→ **Given data**
━━━━━━━━━━━━━━━━
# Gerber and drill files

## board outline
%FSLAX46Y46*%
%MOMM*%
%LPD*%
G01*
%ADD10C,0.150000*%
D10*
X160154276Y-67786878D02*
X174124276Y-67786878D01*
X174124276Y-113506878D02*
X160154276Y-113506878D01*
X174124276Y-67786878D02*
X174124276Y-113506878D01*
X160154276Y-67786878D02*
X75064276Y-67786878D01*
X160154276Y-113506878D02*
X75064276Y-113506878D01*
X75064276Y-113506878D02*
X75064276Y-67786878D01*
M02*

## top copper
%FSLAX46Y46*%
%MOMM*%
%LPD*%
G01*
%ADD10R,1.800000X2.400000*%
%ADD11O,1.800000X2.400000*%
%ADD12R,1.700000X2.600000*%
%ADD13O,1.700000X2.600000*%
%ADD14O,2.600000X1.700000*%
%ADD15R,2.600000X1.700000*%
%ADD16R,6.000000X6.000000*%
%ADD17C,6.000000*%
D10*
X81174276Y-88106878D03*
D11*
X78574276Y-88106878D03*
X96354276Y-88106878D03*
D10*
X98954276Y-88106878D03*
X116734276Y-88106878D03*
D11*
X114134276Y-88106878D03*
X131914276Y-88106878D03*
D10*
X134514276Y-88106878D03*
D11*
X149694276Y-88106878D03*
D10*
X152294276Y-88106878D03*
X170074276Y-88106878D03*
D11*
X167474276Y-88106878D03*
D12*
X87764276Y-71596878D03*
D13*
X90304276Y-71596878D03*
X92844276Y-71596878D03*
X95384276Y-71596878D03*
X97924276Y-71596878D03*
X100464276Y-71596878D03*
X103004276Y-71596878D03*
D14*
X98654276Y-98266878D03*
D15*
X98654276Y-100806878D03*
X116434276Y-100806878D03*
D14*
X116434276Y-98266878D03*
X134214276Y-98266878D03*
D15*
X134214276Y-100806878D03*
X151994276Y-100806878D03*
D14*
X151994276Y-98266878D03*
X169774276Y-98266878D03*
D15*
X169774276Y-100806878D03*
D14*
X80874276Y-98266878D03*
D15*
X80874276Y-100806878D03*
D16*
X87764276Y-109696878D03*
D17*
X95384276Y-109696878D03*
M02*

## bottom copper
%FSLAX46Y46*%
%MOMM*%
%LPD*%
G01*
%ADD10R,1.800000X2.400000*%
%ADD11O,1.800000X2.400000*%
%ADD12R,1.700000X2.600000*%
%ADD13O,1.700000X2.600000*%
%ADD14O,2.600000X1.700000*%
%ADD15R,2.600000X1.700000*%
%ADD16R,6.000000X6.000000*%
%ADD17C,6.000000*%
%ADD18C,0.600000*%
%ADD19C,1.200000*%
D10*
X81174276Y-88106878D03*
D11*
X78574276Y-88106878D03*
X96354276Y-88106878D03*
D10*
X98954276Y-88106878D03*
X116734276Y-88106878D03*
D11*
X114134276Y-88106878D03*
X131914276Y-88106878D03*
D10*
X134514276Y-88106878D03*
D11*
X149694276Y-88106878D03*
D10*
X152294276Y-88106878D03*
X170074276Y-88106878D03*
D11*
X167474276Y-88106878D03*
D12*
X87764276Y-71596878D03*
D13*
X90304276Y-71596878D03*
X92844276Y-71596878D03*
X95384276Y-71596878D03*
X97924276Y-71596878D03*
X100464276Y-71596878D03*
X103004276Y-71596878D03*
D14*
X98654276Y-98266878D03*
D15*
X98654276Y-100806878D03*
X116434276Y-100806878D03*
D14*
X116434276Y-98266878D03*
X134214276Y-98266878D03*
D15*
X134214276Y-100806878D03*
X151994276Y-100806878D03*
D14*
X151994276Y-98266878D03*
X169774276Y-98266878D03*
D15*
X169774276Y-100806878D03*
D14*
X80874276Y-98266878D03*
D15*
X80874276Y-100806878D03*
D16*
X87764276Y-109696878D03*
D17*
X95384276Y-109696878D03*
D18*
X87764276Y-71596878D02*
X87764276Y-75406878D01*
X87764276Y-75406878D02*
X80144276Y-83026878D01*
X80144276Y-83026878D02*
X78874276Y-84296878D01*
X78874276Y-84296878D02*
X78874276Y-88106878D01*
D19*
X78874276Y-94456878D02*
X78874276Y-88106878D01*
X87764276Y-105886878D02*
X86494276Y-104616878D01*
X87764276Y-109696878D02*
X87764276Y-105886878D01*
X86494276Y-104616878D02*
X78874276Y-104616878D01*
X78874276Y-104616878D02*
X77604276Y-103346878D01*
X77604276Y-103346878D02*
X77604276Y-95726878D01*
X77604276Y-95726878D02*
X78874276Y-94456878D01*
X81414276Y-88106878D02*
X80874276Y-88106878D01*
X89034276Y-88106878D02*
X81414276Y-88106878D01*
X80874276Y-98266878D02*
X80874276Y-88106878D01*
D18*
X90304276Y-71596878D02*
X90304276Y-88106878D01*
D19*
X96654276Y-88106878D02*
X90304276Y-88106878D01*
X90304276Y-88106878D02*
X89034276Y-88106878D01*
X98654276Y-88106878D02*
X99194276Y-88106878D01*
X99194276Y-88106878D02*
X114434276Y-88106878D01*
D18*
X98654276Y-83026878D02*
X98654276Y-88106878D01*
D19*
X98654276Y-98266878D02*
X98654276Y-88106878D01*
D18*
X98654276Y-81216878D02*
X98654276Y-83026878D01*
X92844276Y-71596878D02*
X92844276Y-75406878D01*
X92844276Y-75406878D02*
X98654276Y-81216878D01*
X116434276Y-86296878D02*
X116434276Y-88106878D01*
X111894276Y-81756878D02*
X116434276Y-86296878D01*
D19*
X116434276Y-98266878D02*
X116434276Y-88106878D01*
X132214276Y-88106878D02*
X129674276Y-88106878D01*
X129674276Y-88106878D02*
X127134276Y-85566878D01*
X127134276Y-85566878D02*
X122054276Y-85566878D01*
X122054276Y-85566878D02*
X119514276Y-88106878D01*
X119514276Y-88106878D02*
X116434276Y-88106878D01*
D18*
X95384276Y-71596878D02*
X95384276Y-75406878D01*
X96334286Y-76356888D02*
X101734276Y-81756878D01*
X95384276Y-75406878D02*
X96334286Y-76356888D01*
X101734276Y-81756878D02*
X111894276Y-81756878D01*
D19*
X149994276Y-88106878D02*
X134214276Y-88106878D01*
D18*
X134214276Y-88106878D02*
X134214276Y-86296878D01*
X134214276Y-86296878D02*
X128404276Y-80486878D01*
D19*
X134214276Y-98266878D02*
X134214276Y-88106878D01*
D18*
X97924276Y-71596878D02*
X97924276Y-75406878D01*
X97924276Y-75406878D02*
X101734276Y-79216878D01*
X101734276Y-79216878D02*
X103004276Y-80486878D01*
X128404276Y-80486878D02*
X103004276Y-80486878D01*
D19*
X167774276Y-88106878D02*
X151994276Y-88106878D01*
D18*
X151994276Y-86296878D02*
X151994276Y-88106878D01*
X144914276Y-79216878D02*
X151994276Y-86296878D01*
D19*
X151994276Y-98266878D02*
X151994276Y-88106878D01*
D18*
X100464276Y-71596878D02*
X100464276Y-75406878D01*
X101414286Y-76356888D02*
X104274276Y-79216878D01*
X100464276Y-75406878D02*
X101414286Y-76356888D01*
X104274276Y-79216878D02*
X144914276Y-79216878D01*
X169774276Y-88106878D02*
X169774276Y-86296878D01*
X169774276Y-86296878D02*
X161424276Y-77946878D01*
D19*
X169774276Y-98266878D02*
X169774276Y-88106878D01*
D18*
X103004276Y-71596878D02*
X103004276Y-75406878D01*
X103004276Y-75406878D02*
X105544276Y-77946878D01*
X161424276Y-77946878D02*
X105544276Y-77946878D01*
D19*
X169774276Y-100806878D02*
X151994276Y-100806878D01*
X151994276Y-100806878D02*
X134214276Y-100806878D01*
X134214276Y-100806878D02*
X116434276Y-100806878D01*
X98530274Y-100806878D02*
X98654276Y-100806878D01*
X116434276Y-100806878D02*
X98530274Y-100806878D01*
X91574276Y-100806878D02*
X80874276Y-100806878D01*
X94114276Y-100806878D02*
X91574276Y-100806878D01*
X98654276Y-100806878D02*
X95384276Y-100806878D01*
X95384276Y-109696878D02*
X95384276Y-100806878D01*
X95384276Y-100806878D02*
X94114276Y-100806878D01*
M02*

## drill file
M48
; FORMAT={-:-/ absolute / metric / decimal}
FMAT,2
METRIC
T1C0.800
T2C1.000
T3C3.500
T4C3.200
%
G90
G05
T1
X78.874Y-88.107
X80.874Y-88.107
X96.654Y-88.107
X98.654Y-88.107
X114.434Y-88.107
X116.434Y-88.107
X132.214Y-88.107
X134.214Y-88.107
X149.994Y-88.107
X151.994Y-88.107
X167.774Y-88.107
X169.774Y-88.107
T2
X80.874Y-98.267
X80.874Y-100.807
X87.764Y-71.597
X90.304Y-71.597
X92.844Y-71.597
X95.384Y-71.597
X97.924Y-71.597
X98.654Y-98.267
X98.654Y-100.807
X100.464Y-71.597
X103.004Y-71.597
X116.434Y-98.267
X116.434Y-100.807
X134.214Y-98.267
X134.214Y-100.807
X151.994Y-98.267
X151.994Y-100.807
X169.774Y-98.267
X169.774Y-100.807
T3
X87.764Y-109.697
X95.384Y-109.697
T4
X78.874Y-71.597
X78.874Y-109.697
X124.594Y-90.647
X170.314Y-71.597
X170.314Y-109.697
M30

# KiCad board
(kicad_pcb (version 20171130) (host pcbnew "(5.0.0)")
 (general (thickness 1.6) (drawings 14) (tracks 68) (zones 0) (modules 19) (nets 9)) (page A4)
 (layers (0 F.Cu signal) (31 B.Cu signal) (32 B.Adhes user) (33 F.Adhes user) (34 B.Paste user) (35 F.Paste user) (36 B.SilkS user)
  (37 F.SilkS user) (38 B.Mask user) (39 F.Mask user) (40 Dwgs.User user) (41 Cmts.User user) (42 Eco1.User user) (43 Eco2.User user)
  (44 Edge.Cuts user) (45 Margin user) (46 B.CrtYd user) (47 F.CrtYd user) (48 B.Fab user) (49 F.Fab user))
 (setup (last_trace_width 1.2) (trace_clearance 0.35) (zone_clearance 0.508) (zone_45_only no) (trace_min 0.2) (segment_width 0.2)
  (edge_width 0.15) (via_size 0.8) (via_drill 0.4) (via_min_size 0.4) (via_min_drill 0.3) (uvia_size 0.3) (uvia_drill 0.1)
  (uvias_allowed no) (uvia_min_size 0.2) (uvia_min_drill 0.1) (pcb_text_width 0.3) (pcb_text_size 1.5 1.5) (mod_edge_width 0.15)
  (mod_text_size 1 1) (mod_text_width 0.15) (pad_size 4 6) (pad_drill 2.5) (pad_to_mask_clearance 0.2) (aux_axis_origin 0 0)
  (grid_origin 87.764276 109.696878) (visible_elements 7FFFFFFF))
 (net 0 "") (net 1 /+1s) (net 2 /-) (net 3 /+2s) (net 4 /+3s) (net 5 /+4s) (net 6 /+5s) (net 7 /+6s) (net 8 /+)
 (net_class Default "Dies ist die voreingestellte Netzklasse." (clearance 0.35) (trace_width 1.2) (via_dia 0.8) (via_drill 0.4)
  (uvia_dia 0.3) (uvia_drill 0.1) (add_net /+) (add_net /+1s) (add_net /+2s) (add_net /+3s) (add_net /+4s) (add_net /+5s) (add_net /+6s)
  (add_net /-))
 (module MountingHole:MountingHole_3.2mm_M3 (layer F.Cu) (at 124.594276 90.646878 90)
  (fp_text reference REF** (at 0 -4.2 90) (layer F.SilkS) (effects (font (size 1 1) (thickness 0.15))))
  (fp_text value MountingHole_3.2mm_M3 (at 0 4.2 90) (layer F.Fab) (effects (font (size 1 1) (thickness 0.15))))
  (pad 1 np_thru_hole circle (at 0 0 90) (size 3.2 3.2) (drill 3.2) (layers *.Cu *.Mask)))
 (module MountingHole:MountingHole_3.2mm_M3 (layer F.Cu) (at 170.314276 109.696878 90)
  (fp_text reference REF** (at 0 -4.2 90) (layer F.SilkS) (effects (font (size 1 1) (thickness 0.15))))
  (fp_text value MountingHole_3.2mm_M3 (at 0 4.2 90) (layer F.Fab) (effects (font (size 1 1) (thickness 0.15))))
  (pad 1 np_thru_hole circle (at 0 0 90) (size 3.2 3.2) (drill 3.2) (layers *.Cu *.Mask)))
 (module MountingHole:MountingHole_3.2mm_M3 (layer F.Cu) (at 170.314276 71.596878 90)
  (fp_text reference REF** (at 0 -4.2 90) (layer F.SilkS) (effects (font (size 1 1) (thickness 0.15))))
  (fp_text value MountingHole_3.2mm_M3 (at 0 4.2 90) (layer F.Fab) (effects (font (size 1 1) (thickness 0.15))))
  (pad 1 np_thru_hole circle (at 0 0 90) (size 3.2 3.2) (drill 3.2) (layers *.Cu *.Mask)))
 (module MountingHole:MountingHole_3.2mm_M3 (layer F.Cu) (at 78.874276 109.696878 90)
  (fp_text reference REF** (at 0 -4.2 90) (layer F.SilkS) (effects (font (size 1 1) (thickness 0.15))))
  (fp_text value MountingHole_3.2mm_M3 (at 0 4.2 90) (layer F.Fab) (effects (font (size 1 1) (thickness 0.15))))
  (pad 1 np_thru_hole circle (at 0 0 90) (size 3.2 3.2) (drill 3.2) (layers *.Cu *.Mask)))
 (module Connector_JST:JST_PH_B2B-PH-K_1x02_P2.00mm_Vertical (layer F.Cu) (at 80.874276 88.106878 180)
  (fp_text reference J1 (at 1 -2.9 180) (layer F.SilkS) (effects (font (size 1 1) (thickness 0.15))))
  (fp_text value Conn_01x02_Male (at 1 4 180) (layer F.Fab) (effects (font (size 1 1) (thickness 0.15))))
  (pad 1 thru_hole rect (at 0 0 180) (size 1.8 2.4) (drill 0.8 (offset -0.3 0)) (layers *.Cu *.Mask) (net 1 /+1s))
  (pad 2 thru_hole oval (at 2 0 180) (size 1.8 2.4) (drill 0.8 (offset 0.3 0)) (layers *.Cu *.Mask) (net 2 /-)))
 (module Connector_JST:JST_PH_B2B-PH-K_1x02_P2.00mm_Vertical (layer F.Cu) (at 98.654276 88.106878 180)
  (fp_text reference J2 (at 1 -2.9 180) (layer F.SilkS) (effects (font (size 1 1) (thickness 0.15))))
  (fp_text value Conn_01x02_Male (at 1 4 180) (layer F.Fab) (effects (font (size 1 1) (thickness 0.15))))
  (pad 2 thru_hole oval (at 2 0 180) (size 1.8 2.4) (drill 0.8 (offset 0.3 0)) (layers *.Cu *.Mask) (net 1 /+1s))
  (pad 1 thru_hole rect (at 0 0 180) (size 1.8 2.4) (drill 0.8 (offset -0.3 0)) (layers *.Cu *.Mask) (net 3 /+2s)))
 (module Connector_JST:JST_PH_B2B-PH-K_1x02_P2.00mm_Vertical (layer F.Cu) (at 116.434276 88.106878 180)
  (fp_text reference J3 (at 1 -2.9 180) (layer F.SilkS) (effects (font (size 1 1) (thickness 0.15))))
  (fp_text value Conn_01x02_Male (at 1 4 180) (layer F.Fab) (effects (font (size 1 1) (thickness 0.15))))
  (pad 1 thru_hole rect (at 0 0 180) (size 1.8 2.4) (drill 0.8 (offset -0.3 0)) (layers *.Cu *.Mask) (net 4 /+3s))
  (pad 2 thru_hole oval (at 2 0 180) (size 1.8 2.4) (drill 0.8 (offset 0.3 0)) (layers *.Cu *.Mask) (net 3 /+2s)))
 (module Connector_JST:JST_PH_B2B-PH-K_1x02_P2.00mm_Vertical (layer F.Cu) (at 134.214276 88.106878 180)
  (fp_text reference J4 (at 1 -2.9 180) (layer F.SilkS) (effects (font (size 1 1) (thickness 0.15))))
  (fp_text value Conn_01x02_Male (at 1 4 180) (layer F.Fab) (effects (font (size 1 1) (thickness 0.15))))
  (pad 2 thru_hole oval (at 2 0 180) (size 1.8 2.4) (drill 0.8 (offset 0.3 0)) (layers *.Cu *.Mask) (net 4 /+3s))
  (pad 1 thru_hole rect (at 0 0 180) (size 1.8 2.4) (drill 0.8 (offset -0.3 0)) (layers *.Cu *.Mask) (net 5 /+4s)))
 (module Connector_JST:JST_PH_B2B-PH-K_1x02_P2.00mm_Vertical (layer F.Cu) (at 151.994276 88.106878 180)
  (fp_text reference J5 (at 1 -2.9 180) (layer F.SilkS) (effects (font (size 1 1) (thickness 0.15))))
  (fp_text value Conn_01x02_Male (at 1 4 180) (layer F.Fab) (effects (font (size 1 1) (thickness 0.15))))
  (pad 2 thru_hole oval (at 2 0 180) (size 1.8 2.4) (drill 0.8 (offset 0.3 0)) (layers *.Cu *.Mask) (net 5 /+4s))
  (pad 1 thru_hole rect (at 0 0 180) (size 1.8 2.4) (drill 0.8 (offset -0.3 0)) (layers *.Cu *.Mask) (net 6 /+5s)))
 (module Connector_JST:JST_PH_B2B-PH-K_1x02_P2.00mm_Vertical (layer F.Cu) (at 169.774276 88.106878 180)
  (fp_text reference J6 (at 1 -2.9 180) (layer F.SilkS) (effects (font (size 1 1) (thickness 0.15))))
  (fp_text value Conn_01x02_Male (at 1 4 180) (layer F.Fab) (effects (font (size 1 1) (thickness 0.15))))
━━━━━━━━━━━━━━━━
→ **Task requirements**
Repeat the entries above verbatim, but only from the line that has "X100.464Y-71.597" down to the line that has "# KiCad board", inclusive.

→ **Your response**
X100.464Y-71.597
X103.004Y-71.597
X116.434Y-98.267
X116.434Y-100.807
X134.214Y-98.267
X134.214Y-100.807
X151.994Y-98.267
X151.994Y-100.807
X169.774Y-98.267
X169.774Y-100.807
T3
X87.764Y-109.697
X95.384Y-109.697
T4
X78.874Y-71.597
X78.874Y-109.697
X124.594Y-90.647
X170.314Y-71.597
X170.314Y-109.697
M30

# KiCad board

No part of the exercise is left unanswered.